The pattern, known to locals as “June gloom” was expected to ramp up and spread northward, the forecaster said. Temperatures were forecast to hover within a few degrees of average along much of the California coast.

Highs were expected to generally range from the middle 60s to the lower 70s along the California and southern Oregon coasts and the 70s along the northern Oregon and Washington coasts.

Given the much milder outlook, SoCal Citygate July fell 11 cents to $5.403, while August slid a penny to $5.594 and the balance of summer (July-October) dropped a nickel to $4.73, according to Forward Look.

Forward prices in far less volatile northern California held relatively steady during the June 6-12 period.

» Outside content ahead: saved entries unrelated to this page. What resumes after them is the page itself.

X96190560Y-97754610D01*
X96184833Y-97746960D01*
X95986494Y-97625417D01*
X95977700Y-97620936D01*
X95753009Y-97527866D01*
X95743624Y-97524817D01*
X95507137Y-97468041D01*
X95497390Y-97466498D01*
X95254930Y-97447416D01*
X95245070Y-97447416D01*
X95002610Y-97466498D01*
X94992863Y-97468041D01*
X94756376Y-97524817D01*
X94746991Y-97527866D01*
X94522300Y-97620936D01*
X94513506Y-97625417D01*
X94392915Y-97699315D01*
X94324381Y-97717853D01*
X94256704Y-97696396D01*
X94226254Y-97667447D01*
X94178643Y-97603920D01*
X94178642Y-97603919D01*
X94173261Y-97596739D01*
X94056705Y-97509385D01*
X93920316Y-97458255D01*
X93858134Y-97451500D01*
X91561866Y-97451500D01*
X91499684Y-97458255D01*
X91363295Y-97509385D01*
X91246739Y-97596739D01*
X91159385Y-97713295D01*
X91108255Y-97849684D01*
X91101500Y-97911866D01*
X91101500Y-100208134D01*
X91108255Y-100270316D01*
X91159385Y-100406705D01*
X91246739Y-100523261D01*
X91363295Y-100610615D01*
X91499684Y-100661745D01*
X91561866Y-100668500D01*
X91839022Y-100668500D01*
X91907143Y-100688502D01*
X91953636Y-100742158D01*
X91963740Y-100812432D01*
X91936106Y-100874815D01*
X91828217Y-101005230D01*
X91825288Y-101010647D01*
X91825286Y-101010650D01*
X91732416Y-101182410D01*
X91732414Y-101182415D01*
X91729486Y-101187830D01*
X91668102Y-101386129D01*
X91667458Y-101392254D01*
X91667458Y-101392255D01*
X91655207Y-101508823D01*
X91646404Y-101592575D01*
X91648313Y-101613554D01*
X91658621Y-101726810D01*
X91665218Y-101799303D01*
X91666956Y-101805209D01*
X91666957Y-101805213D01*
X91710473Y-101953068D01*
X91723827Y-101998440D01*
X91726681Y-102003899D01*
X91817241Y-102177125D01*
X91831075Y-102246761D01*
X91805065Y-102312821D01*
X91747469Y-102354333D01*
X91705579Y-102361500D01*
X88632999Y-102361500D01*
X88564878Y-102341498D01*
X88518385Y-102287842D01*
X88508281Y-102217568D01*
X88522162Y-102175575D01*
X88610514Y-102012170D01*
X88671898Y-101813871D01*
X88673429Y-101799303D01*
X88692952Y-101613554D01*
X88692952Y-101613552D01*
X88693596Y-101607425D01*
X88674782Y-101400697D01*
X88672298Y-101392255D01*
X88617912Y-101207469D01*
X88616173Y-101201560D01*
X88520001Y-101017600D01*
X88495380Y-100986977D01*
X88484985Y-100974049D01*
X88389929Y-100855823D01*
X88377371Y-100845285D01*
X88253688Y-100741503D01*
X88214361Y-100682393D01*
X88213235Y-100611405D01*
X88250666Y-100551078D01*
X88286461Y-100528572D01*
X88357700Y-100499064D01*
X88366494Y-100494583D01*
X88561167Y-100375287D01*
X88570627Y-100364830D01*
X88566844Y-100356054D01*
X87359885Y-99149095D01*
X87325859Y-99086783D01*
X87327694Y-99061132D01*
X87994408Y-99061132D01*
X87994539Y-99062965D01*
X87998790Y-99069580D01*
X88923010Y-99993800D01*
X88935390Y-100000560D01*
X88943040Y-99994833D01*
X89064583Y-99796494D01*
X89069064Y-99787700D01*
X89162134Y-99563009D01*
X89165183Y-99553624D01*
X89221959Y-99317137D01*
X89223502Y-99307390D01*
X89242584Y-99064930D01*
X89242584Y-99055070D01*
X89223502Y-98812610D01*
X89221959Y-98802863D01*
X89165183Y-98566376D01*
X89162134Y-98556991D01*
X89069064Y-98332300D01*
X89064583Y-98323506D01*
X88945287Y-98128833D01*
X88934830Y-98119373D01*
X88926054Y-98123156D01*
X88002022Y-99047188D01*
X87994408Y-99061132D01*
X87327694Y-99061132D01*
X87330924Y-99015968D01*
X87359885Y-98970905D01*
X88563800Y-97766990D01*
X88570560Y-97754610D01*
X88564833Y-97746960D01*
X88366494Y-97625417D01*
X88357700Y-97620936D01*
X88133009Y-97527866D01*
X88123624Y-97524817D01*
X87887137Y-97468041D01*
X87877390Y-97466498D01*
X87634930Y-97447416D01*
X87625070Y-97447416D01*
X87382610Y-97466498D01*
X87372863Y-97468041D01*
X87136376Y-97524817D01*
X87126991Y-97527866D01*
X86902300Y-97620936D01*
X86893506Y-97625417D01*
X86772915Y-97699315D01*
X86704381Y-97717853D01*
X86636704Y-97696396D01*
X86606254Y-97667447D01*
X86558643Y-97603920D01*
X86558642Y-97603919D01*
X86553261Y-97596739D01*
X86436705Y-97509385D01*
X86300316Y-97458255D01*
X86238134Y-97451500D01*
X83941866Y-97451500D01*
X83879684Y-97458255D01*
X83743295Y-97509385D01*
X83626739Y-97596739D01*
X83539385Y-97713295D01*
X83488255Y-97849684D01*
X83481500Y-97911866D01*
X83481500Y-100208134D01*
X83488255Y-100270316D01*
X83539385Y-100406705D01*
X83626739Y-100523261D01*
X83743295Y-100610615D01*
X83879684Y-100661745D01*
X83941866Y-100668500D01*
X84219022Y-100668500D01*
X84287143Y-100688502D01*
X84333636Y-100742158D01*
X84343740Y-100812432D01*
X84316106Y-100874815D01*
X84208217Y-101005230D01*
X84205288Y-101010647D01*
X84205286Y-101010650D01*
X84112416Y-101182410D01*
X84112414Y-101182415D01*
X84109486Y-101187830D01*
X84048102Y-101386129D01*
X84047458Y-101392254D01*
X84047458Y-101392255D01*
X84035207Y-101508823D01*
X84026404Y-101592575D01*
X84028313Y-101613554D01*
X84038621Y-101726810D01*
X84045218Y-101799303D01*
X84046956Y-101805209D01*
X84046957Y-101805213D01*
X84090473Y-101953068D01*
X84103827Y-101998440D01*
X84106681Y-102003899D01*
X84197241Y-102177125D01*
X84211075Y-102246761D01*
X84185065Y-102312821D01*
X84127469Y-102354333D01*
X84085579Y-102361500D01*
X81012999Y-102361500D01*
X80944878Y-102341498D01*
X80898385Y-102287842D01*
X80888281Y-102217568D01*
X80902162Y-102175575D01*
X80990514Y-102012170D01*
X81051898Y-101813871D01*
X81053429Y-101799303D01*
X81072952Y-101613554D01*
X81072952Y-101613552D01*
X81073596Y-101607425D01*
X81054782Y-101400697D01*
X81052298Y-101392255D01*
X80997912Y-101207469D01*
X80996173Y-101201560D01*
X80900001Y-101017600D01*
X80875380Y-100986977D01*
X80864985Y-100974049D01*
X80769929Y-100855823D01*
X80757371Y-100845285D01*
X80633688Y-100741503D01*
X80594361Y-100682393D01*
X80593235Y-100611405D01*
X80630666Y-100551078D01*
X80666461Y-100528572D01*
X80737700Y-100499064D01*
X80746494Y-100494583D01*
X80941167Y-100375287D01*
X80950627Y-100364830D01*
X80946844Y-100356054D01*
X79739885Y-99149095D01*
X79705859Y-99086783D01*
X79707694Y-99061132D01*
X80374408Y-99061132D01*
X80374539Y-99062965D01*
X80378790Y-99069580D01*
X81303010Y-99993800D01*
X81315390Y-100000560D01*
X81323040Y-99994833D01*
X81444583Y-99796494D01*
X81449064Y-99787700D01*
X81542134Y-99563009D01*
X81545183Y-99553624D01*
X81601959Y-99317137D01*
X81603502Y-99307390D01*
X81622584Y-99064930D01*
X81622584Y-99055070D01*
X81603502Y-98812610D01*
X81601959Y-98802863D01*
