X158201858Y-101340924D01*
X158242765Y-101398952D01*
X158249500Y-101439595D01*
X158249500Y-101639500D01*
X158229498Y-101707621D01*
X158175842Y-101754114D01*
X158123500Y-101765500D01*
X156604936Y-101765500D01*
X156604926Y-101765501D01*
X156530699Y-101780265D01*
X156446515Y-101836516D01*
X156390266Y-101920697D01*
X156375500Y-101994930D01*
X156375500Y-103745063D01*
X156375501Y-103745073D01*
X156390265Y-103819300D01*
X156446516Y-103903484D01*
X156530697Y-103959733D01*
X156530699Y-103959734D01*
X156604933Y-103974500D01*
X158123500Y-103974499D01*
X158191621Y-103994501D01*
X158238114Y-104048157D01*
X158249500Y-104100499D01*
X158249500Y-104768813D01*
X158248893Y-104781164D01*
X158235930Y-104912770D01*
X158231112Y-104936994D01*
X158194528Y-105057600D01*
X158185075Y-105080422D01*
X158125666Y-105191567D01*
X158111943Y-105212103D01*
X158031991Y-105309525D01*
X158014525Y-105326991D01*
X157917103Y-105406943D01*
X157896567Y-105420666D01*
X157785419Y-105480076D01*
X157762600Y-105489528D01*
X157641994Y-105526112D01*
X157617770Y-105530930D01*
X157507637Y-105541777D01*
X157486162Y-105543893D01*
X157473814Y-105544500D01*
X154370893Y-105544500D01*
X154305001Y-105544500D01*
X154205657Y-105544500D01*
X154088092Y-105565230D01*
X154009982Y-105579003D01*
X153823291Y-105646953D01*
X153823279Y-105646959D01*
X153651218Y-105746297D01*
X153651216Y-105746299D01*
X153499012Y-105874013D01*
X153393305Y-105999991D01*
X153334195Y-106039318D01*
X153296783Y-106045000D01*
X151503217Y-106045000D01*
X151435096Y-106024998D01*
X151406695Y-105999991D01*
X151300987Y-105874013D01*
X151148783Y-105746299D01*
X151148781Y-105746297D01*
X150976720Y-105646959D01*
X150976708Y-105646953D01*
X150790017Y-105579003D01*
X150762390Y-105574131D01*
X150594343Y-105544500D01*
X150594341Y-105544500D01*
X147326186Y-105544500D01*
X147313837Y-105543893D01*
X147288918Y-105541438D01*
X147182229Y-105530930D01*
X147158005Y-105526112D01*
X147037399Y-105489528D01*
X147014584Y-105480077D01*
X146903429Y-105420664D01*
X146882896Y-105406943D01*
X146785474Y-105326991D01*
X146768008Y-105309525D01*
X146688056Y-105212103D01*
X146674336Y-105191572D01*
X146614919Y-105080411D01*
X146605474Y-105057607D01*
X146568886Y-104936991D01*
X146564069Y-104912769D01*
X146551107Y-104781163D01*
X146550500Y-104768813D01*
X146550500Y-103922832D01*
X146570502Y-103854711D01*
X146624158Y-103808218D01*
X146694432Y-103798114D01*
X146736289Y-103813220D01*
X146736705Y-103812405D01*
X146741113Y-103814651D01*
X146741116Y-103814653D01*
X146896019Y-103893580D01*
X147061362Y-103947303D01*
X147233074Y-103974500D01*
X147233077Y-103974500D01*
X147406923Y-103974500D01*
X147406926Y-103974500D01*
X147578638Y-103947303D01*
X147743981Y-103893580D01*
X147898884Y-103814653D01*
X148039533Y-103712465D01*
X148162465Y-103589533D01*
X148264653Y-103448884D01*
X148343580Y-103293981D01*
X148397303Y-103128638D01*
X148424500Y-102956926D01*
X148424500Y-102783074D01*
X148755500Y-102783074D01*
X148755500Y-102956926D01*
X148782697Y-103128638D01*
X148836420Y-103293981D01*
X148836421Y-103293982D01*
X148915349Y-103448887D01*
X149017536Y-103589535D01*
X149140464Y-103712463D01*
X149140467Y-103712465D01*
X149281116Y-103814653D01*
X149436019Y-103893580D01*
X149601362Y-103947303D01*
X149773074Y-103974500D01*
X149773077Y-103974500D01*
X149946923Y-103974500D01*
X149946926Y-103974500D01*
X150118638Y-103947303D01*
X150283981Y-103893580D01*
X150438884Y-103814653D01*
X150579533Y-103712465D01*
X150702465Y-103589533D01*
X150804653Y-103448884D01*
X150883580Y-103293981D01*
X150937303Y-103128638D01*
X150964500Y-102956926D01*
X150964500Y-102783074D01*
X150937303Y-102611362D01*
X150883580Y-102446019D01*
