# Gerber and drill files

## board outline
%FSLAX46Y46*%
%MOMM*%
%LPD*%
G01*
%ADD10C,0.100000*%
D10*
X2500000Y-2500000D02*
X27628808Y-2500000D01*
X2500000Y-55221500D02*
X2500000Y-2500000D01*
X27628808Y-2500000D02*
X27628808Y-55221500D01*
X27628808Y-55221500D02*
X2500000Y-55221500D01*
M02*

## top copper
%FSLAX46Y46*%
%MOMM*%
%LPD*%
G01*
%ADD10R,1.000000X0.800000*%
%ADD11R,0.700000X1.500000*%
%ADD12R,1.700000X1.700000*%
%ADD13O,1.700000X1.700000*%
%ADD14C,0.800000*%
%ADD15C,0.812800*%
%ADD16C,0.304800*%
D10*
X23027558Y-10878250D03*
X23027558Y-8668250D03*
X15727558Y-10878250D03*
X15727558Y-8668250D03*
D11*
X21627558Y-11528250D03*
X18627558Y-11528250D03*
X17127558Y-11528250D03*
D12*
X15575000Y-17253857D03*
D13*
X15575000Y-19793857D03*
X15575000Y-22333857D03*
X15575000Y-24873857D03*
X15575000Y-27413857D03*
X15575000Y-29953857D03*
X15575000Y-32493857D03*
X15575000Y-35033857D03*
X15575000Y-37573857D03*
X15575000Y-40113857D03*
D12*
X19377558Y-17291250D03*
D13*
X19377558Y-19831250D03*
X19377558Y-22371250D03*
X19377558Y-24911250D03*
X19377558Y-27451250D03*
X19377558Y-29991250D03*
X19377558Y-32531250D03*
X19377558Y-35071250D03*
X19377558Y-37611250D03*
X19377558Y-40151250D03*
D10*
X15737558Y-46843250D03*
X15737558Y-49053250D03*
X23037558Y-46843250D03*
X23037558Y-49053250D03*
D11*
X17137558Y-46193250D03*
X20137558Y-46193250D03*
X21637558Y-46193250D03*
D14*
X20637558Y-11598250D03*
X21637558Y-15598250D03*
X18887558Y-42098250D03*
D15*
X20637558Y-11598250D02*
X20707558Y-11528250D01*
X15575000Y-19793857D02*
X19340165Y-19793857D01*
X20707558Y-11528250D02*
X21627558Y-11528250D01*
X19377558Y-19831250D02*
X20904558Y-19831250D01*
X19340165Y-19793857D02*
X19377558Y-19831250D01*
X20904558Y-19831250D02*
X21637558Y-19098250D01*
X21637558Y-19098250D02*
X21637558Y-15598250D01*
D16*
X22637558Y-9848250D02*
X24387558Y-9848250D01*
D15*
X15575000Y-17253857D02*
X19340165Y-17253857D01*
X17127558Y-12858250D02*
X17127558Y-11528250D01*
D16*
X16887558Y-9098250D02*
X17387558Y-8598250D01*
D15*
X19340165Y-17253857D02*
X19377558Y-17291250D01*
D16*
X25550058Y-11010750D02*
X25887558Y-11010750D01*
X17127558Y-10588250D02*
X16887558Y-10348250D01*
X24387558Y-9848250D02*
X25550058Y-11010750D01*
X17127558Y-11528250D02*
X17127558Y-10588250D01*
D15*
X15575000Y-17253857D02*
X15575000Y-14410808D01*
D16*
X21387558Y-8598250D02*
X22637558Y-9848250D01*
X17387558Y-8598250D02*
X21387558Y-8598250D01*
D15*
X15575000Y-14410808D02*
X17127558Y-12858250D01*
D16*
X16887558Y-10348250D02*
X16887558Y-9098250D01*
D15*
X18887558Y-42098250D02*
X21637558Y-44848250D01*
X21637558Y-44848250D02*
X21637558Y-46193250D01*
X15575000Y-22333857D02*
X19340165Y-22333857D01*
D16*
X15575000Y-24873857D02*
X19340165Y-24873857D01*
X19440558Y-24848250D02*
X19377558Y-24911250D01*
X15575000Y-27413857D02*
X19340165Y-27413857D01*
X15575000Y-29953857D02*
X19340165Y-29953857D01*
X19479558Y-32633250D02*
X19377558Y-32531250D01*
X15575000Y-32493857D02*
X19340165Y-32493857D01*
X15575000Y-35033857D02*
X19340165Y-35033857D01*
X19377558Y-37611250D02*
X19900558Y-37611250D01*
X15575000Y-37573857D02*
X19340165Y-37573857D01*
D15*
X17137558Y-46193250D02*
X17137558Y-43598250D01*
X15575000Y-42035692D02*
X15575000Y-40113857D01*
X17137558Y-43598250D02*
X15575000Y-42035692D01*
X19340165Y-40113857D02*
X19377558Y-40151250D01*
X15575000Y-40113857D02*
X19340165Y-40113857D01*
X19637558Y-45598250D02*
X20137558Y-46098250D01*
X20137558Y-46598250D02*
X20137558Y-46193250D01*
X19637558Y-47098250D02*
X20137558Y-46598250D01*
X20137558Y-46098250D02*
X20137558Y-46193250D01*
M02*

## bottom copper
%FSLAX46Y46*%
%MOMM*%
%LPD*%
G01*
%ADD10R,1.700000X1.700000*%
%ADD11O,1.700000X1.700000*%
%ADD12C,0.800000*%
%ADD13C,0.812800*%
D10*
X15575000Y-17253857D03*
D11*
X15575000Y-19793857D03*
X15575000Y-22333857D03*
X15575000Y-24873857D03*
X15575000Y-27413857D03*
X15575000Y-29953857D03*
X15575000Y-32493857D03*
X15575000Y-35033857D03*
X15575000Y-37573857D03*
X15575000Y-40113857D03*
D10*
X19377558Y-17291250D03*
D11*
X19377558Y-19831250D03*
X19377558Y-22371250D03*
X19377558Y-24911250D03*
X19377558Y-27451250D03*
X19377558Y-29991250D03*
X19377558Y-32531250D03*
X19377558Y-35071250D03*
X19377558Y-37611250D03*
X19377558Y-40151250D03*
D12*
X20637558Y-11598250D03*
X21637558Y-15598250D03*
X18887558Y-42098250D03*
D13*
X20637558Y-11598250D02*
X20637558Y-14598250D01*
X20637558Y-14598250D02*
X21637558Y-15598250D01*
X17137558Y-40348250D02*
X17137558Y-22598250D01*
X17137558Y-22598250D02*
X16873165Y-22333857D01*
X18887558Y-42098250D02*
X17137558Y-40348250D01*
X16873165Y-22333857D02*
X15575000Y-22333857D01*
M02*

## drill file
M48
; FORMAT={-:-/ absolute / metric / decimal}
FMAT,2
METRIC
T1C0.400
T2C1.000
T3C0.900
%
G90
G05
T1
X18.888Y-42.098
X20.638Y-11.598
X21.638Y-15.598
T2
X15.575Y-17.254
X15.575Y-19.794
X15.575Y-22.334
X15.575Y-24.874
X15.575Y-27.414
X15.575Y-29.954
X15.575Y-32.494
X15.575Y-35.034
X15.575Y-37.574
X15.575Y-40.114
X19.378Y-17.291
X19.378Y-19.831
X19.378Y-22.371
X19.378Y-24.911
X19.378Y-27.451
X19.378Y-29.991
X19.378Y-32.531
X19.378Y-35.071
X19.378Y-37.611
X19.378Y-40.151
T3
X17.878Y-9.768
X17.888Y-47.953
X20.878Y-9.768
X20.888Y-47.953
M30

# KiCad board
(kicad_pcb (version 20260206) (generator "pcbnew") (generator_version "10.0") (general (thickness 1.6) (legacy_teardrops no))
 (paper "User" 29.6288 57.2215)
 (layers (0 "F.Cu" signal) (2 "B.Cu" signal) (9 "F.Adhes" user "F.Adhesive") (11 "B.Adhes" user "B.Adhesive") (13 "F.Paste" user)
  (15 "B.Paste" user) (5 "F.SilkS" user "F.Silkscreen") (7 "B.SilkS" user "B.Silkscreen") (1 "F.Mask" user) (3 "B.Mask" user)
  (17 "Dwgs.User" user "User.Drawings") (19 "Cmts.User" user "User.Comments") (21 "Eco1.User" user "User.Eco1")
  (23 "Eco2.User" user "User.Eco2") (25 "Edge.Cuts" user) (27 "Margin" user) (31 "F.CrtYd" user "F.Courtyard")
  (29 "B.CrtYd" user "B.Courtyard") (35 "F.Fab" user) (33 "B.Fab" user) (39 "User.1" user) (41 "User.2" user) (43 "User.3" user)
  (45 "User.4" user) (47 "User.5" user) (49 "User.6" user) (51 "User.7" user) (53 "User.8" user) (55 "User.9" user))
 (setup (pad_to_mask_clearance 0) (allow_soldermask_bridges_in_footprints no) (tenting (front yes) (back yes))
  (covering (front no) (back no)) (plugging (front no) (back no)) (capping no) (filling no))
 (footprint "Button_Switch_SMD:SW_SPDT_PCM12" (layer "F.Cu") (at 19.377558 10.09825 180)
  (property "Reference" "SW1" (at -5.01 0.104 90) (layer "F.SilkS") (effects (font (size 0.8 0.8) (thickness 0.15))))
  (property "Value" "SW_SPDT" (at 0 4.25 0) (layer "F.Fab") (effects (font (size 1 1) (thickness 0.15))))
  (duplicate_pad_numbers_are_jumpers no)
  (pad "" smd rect (at -3.65 -0.78 180) (size 1 0.8) (layers "F.Cu" "F.Mask" "F.Paste"))
  (pad "" smd rect (at -3.65 1.43 180) (size 1 0.8) (layers "F.Cu" "F.Mask" "F.Paste"))
  (pad "" np_thru_hole circle (at -1.5 0.33 180) (size 0.9 0.9) (drill 0.9) (layers "*.Cu" "*.Mask"))
  (pad "" np_thru_hole circle (at 1.5 0.33 180) (size 0.9 0.9) (drill 0.9) (layers "*.Cu" "*.Mask"))
  (pad "" smd rect (at 3.65 -0.78 180) (size 1 0.8) (layers "F.Cu" "F.Mask" "F.Paste"))
  (pad "" smd rect (at 3.65 1.43 180) (size 1 0.8) (layers "F.Cu" "F.Mask" "F.Paste"))
  (pad "1" smd rect (at -2.25 -1.43 180) (size 0.7 1.5) (layers "F.Cu" "F.Mask" "F.Paste") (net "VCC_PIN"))
  (pad "2" smd rect (at 0.75 -1.43 180) (size 0.7 1.5) (layers "F.Cu" "F.Mask" "F.Paste") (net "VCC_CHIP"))
  (pad "3" smd rect (at 2.25 -1.43 180) (size 0.7 1.5) (layers "F.Cu" "F.Mask" "F.Paste") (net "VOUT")))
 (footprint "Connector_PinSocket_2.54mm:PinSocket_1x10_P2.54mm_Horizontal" (layer "F.Cu") (at 15.575 17.253857)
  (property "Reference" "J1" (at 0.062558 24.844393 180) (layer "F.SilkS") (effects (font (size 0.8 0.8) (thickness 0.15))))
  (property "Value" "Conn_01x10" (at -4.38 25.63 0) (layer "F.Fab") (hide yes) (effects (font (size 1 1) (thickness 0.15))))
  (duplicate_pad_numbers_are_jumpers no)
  (pad "1" thru_hole rect (at 0 0) (size 1.7 1.7) (drill 1) (layers "*.Cu" "*.Mask") (remove_unused_layers no) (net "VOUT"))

Nevertheless, the expected drop in demand took a toll on prices in the Permian Basin, which relies on downstream demand in California. El Paso-Permian July fell 4 cents to average just 45.6 cents, as did August, which hit 86.1 cents. The balance of summer was down just 2 cents to $1.06, and the winter strip (November 2019-March 2020) was flat at $1.99, Forward Look data show.

Elsewhere across the country, ANR SW forward prices came off at the front of the curve amid a vastly improved storage picture. As of Thursday, ANR Pipeline had 82 Bcf in storage, which is 20 Bcf greater than inventory levels at this time last year but still 15 Bcf shy of the five-year average, according to Genscape.

“ANR Pipeline is having a notably strong injection season though, posting total injections of 39 Bcf during the months of April and May. This can be compared to total April and May injections of 29 Bcf in 2017 and only 15 Bcf in 2018,” Genscape analyst Anthony Ferrara said. “If this trend continues, as we are seeing so far in June, ANR Pipeline inventory levels could reach back up to the five-year average for the first time since December 2017.”

ANR SW July prices dropped a nickel from June 6-12 to reach $1.651, while August slid 2 cents to $1.746 and the balance of summer shed a penny to hit $1.72. The winter strip rose 1 cent to $2.35, Forward Look data show.